Introduced in the Jason Statham Super Bowl ad, the Supercharged emblem boasts a carbon fiber inlay in that Audi Sport swoosh though we hear a red version is also in the planning. The badges are offered as part of a new dealer installed Silver Optic Kit from Audi Accessories that pairs them with satin silver rocker panel blades and templates for easy install of the badge. Initially we thought of installing the kit and ordered the full setup but chose to skip the blades given our car’s rare Black Optics package from Audi Exclusive though the carbon fiber inlayed badge seemed like a good maiden modification to our virgin S4.

The V6T badges are easily removed. We performed our installation at Autohaus Lancaster, our local Audi dealership, where our tech used 3M Spray adhesive remover and a cool eraser-texture rubber buffing wheel to neatly remove any residue. DIYers might net a similar result with some floss and Goo Gone.
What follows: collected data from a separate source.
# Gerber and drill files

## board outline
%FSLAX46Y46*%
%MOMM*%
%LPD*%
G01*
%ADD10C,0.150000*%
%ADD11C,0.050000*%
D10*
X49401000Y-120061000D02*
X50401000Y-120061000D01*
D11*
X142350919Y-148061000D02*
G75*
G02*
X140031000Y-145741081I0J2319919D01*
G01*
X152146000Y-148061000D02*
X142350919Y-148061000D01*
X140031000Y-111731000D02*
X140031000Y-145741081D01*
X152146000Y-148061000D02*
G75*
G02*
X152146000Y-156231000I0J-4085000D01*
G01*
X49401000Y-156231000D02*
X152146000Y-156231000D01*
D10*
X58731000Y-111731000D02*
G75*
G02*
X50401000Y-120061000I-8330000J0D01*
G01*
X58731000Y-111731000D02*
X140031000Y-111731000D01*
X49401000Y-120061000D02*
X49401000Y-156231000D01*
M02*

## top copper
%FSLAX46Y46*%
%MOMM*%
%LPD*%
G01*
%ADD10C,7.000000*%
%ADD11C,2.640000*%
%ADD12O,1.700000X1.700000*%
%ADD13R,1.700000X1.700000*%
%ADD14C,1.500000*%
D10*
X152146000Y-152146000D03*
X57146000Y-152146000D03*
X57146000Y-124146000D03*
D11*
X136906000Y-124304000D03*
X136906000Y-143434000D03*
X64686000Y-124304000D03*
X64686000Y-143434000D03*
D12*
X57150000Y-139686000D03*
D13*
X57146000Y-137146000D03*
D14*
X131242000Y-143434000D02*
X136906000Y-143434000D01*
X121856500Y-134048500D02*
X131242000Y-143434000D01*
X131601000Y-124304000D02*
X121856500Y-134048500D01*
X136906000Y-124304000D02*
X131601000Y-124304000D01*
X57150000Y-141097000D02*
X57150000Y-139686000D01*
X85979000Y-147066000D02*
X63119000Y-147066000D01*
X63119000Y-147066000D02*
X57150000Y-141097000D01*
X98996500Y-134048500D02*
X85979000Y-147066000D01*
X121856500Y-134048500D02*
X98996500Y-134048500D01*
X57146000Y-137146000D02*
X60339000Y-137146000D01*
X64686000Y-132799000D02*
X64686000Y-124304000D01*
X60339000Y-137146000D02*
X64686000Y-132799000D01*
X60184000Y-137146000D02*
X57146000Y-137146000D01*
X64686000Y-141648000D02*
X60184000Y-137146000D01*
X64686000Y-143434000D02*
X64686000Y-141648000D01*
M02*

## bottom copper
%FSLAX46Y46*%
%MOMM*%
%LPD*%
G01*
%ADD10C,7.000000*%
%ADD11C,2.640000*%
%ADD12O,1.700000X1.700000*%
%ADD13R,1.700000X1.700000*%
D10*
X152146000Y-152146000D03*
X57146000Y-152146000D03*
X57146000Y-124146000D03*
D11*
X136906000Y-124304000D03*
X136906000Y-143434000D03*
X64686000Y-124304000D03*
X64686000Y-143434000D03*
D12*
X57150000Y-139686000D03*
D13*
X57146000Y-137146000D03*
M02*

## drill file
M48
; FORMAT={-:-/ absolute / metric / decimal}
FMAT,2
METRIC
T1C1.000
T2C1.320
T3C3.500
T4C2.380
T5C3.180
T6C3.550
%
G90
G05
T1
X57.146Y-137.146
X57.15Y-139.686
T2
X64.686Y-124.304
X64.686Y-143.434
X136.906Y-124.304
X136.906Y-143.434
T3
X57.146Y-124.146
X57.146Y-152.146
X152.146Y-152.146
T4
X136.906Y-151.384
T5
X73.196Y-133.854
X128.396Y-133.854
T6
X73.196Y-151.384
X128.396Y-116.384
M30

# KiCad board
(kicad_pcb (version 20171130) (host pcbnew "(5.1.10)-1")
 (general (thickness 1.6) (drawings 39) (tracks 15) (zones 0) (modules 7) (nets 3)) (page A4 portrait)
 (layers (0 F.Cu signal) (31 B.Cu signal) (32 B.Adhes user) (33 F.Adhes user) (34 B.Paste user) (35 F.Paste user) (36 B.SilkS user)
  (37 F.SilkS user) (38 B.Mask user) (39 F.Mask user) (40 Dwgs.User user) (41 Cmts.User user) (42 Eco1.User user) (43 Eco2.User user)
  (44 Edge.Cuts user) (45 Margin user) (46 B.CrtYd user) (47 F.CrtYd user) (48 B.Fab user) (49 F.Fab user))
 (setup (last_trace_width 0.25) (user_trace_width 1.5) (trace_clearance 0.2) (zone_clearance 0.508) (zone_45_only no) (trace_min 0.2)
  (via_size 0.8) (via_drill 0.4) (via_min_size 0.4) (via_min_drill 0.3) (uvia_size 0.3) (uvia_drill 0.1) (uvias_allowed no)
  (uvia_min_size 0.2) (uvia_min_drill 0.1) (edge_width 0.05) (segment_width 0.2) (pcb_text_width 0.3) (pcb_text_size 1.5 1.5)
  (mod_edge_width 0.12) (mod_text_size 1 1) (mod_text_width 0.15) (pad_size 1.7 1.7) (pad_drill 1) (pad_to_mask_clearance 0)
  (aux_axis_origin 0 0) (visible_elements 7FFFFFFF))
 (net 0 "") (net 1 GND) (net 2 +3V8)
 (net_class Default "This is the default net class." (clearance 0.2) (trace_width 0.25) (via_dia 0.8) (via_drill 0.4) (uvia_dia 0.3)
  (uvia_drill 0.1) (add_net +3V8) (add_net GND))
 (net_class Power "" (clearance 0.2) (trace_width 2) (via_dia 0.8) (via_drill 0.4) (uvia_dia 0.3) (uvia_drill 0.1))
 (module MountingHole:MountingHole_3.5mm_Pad (layer F.Cu) (at 152.146 152.146)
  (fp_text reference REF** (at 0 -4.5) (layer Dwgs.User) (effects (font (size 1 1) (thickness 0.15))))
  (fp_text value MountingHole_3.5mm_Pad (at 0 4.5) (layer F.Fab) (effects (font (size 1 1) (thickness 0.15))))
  (pad 1 thru_hole circle (at 0 0) (size 7 7) (drill 3.5) (layers *.Cu *.Mask)))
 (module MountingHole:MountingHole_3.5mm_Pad (layer F.Cu) (at 57.146 152.146)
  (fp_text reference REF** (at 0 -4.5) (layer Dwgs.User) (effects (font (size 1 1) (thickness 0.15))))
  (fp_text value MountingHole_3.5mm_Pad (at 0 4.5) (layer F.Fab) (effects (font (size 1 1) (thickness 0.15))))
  (pad 1 thru_hole circle (at 0 0) (size 7 7) (drill 3.5) (layers *.Cu *.Mask)))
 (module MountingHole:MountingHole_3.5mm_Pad (layer F.Cu) (at 57.146 124.146)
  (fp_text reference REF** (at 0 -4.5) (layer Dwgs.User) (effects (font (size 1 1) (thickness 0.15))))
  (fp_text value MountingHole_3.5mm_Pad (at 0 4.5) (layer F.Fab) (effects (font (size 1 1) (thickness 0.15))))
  (pad 1 thru_hole circle (at 0 0) (size 7 7) (drill 3.5) (layers *.Cu *.Mask)))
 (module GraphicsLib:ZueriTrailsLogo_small (layer F.Cu) (at 100.33 124.206)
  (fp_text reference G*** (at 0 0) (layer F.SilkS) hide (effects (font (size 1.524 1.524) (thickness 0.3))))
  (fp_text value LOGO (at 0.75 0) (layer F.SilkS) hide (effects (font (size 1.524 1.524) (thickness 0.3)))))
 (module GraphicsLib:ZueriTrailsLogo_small (layer F.Cu) (at 100.33 143.51)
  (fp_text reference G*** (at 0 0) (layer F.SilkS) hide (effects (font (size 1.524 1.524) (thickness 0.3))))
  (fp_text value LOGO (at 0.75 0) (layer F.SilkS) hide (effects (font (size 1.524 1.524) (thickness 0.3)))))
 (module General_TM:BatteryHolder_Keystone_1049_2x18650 (layer F.Cu) (at 64.686 151.384)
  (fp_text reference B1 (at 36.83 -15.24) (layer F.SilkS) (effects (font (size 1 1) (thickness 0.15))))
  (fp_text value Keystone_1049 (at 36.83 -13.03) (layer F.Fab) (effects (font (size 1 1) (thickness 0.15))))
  (pad "" np_thru_hole circle (at 72.22 0) (size 2.38 2.38) (drill 2.38) (layers *.Cu *.Mask))
  (pad "" np_thru_hole circle (at 63.71 -35) (size 3.55 3.55) (drill 3.55) (layers *.Cu *.Mask))
  (pad "" np_thru_hole circle (at 8.51 0) (size 3.55 3.55) (drill 3.55) (layers *.Cu *.Mask))
  (pad "" np_thru_hole circle (at 63.71 -17.53) (size 3.18 3.18) (drill 3.18) (layers *.Cu *.Mask))
  (pad "" np_thru_hole circle (at 8.51 -17.53) (size 3.18 3.18) (drill 3.18) (layers *.Cu *.Mask))
  (pad 4 thru_hole circle (at 72.22 -27.08) (size 2.64 2.64) (drill 1.32) (layers *.Cu *.Mask) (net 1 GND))
  (pad 2 thru_hole circle (at 72.22 -7.95) (size 2.64 2.64) (drill 1.32) (layers *.Cu *.Mask) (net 1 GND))
  (pad 3 thru_hole circle (at 0 -27.08) (size 2.64 2.64) (drill 1.32) (layers *.Cu *.Mask) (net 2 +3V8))
  (pad 1 thru_hole circle (at 0 -7.95) (size 2.64 2.64) (drill 1.32) (layers *.Cu *.Mask) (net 2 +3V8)))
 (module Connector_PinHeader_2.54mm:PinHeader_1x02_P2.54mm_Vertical (layer F.Cu) (at 57.15 137.146)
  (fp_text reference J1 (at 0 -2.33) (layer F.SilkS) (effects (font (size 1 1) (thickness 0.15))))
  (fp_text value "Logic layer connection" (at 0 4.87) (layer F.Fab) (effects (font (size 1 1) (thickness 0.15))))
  (pad 2 thru_hole oval (at 0 2.54) (size 1.7 1.7) (drill 1) (layers *.Cu *.Mask) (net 1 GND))
  (pad 1 thru_hole rect (at -0.004 0) (size 1.7 1.7) (drill 1) (layers *.Cu *.Mask) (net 2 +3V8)))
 (gr_line (start 49.401 120.061) (end 50.401 120.061) (layer Edge.Cuts) (width 0.15))
 (gr_arc (start 142.350919 145.741081) (end 140.031 145.741081) (angle -90) (layer Edge.Cuts) (width 0.05))
 (gr_line (start 152.146 148.061) (end 142.350919 148.061) (layer Edge.Cuts) (width 0.05))
 (gr_line (start 140.031 111.731) (end 140.031 145.741081) (layer Edge.Cuts) (width 0.05))
 (gr_arc (start 152.146 152.146) (end 152.146 156.231) (angle -180) (layer Edge.Cuts) (width 0.05))
 (gr_line (start 49.401 156.231) (end 152.146 156.231) (layer Edge.Cuts) (width 0.05))
 (gr_arc (start 50.401 111.731) (end 58.731 111.731) (angle 90) (layer Edge.Cuts) (width 0.15))
 (gr_line (start 58.731 111.731) (end 140.031 111.731) (layer Edge.Cuts) (width 0.15))
 (gr_line (start 49.401 120.061) (end 49.401 156.231) (layer Edge.Cuts) (width 0.15))
 (segment (start 131.242 143.434) (end 136.906 143.434) (width 1.5) (layer F.Cu) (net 1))
 (segment (start 121.8565 134.0485) (end 131.242 143.434) (width 1.5) (layer F.Cu) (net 1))
 (segment (start 131.601 124.304) (end 121.8565 134.0485) (width 1.5) (layer F.Cu) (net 1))
 (segment (start 136.906 124.304) (end 131.601 124.304) (width 1.5) (layer F.Cu) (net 1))
 (segment (start 57.15 141.097) (end 57.15 139.686) (width 1.5) (layer F.Cu) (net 1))
 (segment (start 85.979 147.066) (end 63.119 147.066) (width 1.5) (layer F.Cu) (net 1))
 (segment (start 63.119 147.066) (end 57.15 141.097) (width 1.5) (layer F.Cu) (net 1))
 (segment (start 98.9965 134.0485) (end 85.979 147.066) (width 1.5) (layer F.Cu) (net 1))
 (segment (start 121.8565 134.0485) (end 98.9965 134.0485) (width 1.5) (layer F.Cu) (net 1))
 (segment (start 57.146 137.146) (end 60.339 137.146) (width 1.5) (layer F.Cu) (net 2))
 (segment (start 64.686 132.799) (end 64.686 124.304) (width 1.5) (layer F.Cu) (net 2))
 (segment (start 60.339 137.146) (end 64.686 132.799) (width 1.5) (layer F.Cu) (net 2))
 (segment (start 60.184 137.146) (end 57.146 137.146) (width 1.5) (layer F.Cu) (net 2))
 (segment (start 64.686 141.648) (end 60.184 137.146) (width 1.5) (layer F.Cu) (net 2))
 (segment (start 64.686 143.434) (end 64.686 141.648) (width 1.5) (layer F.Cu) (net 2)))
As part of the Silver Optics Kit, the new badges come with sticker guides used to measure positioning by lining them up with the gap between the door and the fender and also with the creased tornado line on the shoulder of the car. Using the guides assures they’re level… a more than welcome touch given the badge’s shape and the aforementioned descending tornado line make it nearly impossible to level out with your naked eye. 
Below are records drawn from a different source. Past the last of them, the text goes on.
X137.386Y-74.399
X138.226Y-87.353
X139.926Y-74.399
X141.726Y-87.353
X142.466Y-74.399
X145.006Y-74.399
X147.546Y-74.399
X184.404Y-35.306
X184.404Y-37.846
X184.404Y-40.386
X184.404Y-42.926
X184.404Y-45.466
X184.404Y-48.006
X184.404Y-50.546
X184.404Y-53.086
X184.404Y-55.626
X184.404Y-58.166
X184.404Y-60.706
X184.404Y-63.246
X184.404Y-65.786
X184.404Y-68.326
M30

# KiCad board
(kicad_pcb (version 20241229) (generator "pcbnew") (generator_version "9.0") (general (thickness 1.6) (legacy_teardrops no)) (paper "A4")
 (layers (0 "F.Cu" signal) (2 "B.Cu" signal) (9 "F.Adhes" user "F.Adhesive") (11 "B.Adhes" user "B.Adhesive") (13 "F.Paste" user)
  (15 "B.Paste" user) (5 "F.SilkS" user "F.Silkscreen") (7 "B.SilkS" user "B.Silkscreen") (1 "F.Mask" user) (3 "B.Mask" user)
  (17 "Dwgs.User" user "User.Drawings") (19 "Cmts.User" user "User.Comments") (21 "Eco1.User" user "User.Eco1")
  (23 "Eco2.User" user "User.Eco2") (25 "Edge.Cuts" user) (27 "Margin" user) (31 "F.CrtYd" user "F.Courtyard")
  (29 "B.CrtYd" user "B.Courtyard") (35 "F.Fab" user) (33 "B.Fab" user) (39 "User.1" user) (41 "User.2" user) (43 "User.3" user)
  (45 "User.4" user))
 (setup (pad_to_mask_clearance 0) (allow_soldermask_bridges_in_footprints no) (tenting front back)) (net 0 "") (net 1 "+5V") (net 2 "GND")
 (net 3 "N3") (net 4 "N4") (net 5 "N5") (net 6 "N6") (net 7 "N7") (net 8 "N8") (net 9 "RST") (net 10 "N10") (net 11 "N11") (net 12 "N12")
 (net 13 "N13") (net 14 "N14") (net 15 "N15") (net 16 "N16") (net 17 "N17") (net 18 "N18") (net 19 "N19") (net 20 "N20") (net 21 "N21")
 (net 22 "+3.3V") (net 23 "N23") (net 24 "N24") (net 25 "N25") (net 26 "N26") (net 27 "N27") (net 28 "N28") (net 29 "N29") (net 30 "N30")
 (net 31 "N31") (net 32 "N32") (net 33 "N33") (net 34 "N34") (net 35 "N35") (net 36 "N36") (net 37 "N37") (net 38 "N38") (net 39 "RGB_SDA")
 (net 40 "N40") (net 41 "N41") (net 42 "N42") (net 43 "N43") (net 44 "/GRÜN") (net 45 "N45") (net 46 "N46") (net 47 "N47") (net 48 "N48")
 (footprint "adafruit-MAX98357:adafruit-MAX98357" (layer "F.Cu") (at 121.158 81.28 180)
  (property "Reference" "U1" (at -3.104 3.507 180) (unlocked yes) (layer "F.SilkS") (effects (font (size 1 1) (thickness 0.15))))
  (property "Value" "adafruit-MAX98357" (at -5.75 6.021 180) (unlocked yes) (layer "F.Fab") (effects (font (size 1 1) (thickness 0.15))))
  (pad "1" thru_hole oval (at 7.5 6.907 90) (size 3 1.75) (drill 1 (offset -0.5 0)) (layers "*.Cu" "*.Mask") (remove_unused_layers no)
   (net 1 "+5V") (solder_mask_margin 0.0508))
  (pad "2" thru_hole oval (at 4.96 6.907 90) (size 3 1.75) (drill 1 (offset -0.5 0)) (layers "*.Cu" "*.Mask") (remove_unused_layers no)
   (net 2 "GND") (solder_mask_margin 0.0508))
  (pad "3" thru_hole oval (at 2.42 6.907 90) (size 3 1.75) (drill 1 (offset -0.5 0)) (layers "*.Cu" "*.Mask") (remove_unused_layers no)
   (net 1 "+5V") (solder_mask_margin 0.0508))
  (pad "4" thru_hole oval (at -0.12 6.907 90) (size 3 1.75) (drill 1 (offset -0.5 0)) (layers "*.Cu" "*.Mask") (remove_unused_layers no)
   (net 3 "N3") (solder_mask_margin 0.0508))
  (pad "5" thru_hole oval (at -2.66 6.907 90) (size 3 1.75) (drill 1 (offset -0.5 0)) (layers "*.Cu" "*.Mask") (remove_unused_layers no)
Badges affixed, we removed the guides from the fenders and admired our work. Given the OE source the badges look as if they belong on the car. Even better, the optional carbon fiber inlays match up quite well with the blacked out grille and various other dark bits on the car.
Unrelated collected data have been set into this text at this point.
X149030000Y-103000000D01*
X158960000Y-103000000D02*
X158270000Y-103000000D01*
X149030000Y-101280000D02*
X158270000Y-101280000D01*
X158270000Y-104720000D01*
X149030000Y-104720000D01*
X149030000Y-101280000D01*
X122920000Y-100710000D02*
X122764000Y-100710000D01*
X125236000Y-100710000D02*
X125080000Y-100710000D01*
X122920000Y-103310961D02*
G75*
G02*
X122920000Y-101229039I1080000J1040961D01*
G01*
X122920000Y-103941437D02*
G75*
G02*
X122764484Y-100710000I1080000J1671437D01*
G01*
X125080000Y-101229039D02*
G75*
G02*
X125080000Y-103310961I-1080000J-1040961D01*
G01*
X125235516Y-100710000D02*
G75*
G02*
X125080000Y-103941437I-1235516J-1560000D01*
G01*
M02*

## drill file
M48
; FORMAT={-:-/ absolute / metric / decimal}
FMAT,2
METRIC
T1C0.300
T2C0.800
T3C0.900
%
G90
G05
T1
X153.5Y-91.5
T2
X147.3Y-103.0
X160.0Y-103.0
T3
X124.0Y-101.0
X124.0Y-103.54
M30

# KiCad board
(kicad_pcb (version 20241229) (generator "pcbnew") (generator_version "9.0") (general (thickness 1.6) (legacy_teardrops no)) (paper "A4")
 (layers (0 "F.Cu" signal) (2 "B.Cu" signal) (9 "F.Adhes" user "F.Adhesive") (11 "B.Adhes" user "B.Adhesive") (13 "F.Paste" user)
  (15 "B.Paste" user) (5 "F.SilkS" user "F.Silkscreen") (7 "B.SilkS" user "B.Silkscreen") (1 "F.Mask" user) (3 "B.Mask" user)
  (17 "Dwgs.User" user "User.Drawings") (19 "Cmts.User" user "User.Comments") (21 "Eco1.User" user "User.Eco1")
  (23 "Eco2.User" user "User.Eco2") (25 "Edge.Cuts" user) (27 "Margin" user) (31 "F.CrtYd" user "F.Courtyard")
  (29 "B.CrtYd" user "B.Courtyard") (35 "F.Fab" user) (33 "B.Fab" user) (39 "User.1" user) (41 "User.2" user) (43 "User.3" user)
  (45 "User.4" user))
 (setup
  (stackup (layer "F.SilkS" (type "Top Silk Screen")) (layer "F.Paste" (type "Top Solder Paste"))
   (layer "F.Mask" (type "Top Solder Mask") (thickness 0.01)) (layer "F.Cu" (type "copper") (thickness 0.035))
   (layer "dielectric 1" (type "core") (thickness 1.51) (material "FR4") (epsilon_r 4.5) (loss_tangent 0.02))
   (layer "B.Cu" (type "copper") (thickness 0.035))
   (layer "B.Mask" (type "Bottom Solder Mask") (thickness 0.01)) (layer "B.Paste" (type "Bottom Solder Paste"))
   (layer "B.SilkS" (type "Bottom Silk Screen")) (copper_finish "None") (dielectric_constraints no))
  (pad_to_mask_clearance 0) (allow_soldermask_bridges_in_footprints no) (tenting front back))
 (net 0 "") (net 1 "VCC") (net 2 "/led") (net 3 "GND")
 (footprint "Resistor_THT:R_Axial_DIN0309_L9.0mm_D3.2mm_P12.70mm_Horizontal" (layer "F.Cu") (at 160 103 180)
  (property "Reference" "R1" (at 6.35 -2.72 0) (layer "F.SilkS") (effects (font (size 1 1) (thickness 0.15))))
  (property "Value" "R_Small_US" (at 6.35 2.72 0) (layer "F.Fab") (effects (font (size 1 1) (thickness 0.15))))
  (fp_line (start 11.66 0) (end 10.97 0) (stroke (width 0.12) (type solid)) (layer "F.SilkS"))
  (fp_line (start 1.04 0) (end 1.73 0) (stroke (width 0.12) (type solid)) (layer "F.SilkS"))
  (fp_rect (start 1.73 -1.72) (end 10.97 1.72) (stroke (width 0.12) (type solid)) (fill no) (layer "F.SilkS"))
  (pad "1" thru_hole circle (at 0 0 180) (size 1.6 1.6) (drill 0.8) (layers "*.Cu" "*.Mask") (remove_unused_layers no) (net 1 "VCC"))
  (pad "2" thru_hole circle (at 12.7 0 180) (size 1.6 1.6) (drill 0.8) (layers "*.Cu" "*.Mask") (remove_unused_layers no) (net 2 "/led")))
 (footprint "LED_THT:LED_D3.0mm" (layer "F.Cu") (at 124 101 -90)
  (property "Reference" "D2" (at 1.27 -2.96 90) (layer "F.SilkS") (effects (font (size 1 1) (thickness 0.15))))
This modification is both minor and subtle but a step in the right direction. The plan is to visually enhance the car even further and dial up the Black Optics theme which accents well with our special Suzuka Grey paint from Audi Exclusive. Performance upgrades are also planned though, like many 2010 S4 owners, we find ourselves eagerly awaiting the market to catch up with the car.










*Note to S4-Owners/Fourtitude Readers:* You’ll note in the above report that we did not install our Silver Optics package satin silver rocker blades. In the next few weeks Fourtitude will be launching an all-new design of this website and during that time we’ll be featuring a number of giveaways to readers. One of the items to be awarded will be the blades that came with our kit. Keep your eyes open on the site and specifically in our B8 S4 discussion forum where we’ll run further details at that time.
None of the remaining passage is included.